Figure 11 compares the simulation results of Strategy 1, Strategy 2, and Strategy 4 under continuous voltage faults with voltage dip 0.7 p.u. to swell 1.2 p.u. The results show that under mild faults, the control strategy in this article significantly outperforms the other strategies and is able to limit the peak rotor current to 1.846 p.u. (2 p.u. below the safety threshold) in the low-voltage stage and reduce the peak rotor current by 0.172 p.u. and 0.100 p.u. in the high-voltage stage compared to strategies 1 and 2, respectively, and at the same time stabilizes the dc-bus voltage to less than 1350 V, which is below the safety threshold. In contrast, Strategy 1 has overcurrent risk in the early stage of LVRT, and both rotor current and DC bus voltage exceed the safety threshold; Strategy 2 improves both rotor current and DC bus point voltage compared with Strategy 1, which verifies that the stator current transient component accurately reflects the transient induced EMF, i.e., the validity of feed-forward control, but there is still an overcurrent risk in the early stage of LVRT, and it can not satisfy the fault ride-through requirement.
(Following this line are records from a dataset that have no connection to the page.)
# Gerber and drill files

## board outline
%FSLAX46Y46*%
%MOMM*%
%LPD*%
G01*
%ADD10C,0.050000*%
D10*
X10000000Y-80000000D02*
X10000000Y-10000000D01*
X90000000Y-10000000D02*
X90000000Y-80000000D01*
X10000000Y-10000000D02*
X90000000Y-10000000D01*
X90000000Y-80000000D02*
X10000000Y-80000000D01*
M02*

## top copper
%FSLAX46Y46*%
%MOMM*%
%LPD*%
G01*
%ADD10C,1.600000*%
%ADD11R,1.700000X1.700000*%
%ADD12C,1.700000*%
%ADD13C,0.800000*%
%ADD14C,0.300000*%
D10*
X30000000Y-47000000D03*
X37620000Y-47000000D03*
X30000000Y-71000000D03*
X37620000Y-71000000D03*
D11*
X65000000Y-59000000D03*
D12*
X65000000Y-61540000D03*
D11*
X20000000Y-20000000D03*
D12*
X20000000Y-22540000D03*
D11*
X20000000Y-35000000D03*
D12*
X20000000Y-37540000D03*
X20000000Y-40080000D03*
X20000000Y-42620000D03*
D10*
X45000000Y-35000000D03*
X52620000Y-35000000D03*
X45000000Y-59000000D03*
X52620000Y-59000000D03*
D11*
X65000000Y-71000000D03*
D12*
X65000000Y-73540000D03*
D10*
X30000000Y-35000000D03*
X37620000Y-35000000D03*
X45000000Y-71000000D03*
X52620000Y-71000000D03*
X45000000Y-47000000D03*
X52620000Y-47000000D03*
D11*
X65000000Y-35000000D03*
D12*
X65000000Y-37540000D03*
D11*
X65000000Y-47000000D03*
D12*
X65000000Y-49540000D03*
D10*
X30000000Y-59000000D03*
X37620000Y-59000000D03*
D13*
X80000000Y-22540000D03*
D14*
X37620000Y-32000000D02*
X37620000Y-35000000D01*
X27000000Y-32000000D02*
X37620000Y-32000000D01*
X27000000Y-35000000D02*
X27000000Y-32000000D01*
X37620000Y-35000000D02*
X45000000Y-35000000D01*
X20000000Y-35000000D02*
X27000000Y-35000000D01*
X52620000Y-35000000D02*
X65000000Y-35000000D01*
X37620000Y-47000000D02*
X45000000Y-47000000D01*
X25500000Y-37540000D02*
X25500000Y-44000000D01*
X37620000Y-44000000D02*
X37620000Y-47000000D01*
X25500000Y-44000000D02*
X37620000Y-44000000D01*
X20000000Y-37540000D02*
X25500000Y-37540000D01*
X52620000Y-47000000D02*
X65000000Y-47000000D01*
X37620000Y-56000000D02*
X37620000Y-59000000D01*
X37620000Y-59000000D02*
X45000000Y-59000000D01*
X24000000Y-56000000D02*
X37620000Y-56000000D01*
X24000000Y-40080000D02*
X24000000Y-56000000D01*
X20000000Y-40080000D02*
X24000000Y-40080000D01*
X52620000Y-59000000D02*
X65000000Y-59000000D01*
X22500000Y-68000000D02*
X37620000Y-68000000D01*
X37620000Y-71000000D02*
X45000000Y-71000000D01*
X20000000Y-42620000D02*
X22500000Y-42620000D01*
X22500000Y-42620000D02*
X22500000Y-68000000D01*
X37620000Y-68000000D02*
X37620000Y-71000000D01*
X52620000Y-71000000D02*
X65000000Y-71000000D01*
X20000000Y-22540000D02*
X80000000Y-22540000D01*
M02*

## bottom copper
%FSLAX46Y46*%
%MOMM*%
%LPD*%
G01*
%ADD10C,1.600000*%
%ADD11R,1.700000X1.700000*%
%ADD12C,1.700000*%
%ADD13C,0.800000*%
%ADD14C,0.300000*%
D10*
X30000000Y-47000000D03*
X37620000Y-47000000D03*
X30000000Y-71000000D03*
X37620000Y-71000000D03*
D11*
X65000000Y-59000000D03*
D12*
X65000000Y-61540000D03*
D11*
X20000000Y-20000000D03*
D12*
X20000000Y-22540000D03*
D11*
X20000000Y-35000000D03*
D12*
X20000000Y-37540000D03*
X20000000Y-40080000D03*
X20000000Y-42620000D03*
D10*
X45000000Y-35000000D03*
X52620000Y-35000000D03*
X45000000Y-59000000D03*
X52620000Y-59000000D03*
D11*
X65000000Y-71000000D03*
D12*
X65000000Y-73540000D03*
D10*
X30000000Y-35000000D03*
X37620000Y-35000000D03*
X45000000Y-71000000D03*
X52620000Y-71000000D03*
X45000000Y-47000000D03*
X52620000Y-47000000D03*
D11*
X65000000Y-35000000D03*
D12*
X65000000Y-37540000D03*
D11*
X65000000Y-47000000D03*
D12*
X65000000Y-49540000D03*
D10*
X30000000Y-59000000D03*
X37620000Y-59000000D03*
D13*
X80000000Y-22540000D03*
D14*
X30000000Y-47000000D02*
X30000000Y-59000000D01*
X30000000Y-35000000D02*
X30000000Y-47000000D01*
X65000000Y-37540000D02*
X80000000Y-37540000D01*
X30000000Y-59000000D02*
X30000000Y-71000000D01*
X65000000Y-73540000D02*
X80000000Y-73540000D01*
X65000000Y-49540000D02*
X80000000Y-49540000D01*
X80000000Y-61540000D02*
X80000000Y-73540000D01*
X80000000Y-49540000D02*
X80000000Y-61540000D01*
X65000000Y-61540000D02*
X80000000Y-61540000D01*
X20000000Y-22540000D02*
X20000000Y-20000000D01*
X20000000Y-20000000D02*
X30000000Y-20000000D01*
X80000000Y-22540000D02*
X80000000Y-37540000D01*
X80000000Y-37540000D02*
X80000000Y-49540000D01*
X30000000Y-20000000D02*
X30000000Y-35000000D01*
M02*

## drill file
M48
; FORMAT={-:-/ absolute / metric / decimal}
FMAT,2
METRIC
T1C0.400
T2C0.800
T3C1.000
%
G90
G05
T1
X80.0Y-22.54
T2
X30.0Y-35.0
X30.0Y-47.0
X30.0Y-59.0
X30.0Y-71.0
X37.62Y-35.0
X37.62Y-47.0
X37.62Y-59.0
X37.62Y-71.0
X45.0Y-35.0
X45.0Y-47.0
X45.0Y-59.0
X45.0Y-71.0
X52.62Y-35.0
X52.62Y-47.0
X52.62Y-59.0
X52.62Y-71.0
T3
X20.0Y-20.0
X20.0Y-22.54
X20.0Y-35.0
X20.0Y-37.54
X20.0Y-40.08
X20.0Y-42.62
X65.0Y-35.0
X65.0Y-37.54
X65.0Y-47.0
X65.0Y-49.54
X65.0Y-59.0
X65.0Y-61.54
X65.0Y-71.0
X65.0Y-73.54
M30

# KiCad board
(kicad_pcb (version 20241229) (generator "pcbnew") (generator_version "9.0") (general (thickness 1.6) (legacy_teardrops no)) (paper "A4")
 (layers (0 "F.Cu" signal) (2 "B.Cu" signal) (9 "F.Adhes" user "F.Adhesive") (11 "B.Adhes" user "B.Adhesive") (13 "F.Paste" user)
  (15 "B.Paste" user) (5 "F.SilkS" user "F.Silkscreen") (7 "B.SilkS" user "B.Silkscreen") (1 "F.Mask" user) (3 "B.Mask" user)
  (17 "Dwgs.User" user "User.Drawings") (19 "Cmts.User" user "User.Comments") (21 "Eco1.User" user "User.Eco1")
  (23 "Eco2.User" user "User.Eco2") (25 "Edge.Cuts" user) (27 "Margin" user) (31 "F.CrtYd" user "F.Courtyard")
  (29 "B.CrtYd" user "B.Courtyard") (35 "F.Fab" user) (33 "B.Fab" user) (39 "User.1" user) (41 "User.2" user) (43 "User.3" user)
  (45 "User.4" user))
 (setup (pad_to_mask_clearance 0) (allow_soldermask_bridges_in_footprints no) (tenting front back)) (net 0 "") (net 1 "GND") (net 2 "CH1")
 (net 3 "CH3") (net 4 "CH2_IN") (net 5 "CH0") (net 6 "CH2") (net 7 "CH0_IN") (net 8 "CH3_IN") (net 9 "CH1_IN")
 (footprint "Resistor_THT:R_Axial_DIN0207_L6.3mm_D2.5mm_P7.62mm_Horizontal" (layer "F.Cu") (at 30 47)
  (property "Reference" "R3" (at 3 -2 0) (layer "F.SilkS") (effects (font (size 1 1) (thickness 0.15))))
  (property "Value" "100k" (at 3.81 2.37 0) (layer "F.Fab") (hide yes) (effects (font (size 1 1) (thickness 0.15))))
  (pad "1" thru_hole circle (at 0 0) (size 1.6 1.6) (drill 0.8) (layers "*.Cu" "*.Mask") (remove_unused_layers no) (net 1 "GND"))
  (pad "2" thru_hole circle (at 7.62 0) (size 1.6 1.6) (drill 0.8) (layers "*.Cu" "*.Mask") (remove_unused_layers no) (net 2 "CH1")))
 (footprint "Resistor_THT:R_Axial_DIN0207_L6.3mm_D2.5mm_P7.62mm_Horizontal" (layer "F.Cu") (at 30 71)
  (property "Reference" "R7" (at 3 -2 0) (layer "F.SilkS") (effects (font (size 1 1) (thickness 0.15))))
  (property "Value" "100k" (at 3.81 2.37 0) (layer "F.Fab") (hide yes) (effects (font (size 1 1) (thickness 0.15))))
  (pad "1" thru_hole circle (at 0 0) (size 1.6 1.6) (drill 0.8) (layers "*.Cu" "*.Mask") (remove_unused_layers no) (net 1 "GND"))
  (pad "2" thru_hole circle (at 7.62 0) (size 1.6 1.6) (drill 0.8) (layers "*.Cu" "*.Mask") (remove_unused_layers no) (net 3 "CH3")))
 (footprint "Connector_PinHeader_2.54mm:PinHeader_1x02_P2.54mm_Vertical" (layer "F.Cu") (at 65 59)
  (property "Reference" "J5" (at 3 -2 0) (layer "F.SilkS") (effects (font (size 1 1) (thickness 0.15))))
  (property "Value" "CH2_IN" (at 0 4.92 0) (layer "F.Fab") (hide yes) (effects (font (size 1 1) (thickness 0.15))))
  (pad "1" thru_hole rect (at 0 0) (size 1.7 1.7) (drill 1) (layers "*.Cu" "*.Mask") (remove_unused_layers no) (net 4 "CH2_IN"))
  (pad "2" thru_hole circle (at 0 2.54) (size 1.7 1.7) (drill 1) (layers "*.Cu" "*.Mask") (remove_unused_layers no) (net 1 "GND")))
The experimental results prove that the strategy proposed in this article can effectively suppress the rotor current inrush and the DC bus overvoltage under continuous voltage faults, meeting the safety requirements for the fault ride-through of the DFIG.

5. Conclusions

In this paper, for the grid voltage continuous fault ride-through transient behavior, through theoretical analysis of stator current and transient induced electromotive force characteristics, a feed-forward control strategy based on the stator current transient component is proposed, and a virtual resistance is introduced in the low voltage stage, combined with the fuzzy control to dynamically regulate the resistance value, which synergistically forms a rotor converter segmentation control strategy with the feed-forward control. The conclusions are as follows:

(1) The relationship equation between stator current and transient induced electromotive force of a doubly-fed wind turbine is theoretically derived, and the stator current can be directly obtained to extract the transient component as a feed-forward compensation term to suppress rotor overcurrent, which is more conducive to the implementation of the project.
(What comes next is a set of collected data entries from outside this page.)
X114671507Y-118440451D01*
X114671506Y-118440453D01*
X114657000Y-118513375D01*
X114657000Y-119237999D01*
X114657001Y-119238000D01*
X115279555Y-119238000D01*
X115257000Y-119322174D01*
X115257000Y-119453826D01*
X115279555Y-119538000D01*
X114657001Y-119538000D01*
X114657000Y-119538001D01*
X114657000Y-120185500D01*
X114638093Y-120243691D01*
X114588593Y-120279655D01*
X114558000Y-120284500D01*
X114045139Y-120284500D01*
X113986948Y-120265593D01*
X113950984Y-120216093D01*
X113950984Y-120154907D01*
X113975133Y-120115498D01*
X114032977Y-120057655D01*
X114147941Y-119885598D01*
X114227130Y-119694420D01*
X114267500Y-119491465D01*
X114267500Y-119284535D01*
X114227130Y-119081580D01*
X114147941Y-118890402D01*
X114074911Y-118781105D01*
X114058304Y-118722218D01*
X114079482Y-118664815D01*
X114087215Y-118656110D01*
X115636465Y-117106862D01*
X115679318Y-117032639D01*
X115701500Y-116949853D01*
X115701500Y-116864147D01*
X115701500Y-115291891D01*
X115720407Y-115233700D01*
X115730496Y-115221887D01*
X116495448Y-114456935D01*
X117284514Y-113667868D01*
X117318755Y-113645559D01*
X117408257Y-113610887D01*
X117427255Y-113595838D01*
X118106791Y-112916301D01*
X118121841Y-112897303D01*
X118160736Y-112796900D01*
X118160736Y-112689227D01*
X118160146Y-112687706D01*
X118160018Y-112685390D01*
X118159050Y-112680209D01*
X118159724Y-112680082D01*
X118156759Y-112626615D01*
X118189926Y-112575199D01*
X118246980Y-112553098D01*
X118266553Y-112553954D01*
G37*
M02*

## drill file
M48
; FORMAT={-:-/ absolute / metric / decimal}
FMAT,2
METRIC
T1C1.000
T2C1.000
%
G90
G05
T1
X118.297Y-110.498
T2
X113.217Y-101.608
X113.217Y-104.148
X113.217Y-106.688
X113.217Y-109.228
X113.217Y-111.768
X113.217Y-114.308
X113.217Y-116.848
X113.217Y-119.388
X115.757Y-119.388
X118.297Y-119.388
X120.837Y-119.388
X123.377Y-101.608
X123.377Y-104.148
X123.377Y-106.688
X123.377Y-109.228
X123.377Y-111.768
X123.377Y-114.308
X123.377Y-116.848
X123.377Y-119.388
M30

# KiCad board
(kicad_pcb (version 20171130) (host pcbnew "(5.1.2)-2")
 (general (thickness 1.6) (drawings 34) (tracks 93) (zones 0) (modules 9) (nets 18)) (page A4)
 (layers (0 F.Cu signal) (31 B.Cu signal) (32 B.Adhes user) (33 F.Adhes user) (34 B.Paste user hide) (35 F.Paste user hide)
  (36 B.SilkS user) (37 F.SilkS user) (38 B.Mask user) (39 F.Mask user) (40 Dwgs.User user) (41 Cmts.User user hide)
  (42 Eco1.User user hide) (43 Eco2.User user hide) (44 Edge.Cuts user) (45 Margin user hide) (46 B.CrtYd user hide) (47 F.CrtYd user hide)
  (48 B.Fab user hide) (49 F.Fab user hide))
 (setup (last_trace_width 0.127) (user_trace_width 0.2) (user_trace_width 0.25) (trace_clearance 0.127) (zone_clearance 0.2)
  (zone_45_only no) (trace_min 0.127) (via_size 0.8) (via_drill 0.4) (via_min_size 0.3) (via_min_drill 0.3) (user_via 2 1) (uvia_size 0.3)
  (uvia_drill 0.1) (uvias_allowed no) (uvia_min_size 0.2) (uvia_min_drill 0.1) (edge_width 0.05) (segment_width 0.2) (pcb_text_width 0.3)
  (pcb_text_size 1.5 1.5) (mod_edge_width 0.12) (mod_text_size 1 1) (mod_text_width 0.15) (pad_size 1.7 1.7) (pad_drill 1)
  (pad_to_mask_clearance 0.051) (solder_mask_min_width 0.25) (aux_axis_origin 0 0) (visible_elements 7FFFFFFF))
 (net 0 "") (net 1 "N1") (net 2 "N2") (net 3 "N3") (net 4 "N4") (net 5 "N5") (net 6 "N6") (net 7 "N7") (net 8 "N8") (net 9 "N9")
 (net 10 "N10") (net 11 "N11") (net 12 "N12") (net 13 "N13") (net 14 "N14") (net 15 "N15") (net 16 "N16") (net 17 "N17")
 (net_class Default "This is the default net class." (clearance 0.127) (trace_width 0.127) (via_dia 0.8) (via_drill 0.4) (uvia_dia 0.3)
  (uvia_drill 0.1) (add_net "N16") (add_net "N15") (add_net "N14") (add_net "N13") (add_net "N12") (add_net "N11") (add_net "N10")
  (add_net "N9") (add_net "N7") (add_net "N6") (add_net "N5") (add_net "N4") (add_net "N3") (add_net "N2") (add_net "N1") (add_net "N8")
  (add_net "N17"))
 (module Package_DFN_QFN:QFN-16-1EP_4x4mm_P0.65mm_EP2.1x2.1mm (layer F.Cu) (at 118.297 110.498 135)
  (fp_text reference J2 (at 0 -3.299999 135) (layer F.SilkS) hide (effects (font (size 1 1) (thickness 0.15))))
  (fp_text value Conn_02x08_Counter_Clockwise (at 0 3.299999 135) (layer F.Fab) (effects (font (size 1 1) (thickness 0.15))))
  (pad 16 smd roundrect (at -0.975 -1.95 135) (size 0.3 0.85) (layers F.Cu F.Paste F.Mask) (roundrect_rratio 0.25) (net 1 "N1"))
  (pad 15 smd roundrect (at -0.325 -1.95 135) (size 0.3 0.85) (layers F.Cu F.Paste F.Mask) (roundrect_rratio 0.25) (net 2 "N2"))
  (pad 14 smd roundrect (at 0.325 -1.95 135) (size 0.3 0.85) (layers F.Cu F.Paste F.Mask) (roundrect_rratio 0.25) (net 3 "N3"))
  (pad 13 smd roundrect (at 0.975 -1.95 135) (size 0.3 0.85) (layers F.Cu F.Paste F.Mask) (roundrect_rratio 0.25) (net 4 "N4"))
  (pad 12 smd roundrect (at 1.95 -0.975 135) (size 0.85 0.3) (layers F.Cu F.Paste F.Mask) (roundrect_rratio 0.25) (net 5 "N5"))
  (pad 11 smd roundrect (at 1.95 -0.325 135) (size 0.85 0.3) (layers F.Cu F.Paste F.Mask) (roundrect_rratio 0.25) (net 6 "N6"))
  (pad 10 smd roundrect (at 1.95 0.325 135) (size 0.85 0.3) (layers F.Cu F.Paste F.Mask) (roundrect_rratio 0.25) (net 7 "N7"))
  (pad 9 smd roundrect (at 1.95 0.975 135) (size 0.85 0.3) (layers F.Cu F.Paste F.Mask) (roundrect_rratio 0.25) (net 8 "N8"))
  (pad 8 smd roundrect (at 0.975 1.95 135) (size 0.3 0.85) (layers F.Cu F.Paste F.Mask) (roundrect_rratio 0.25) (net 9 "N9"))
(2) In the LVRT stage of continuous fault, the coordinated control of feed-forward compensation and virtual resistance is adopted; in the HVRT stage, feed-forward control is adopted, which can effectively reduce the peak value of transient current and enhance the fault ride-through capability.

(3) Under the limitation of converter capacity, the fuzzy control algorithm is used to dynamically adjust the virtual resistance to follow the dynamic changes in faults, which ensures that the rotor current and voltage are in a safe range.

(4) The proposed strategy can improve the continuous fault ride-through performance under both light and deep faults, but it still needs to be combined with hardware protection measures or explore the synergistic optimization of software and hardware protection to complement the strengths and weaknesses under deep voltage dips, which provides a direction for the future development of fault ride-through technology.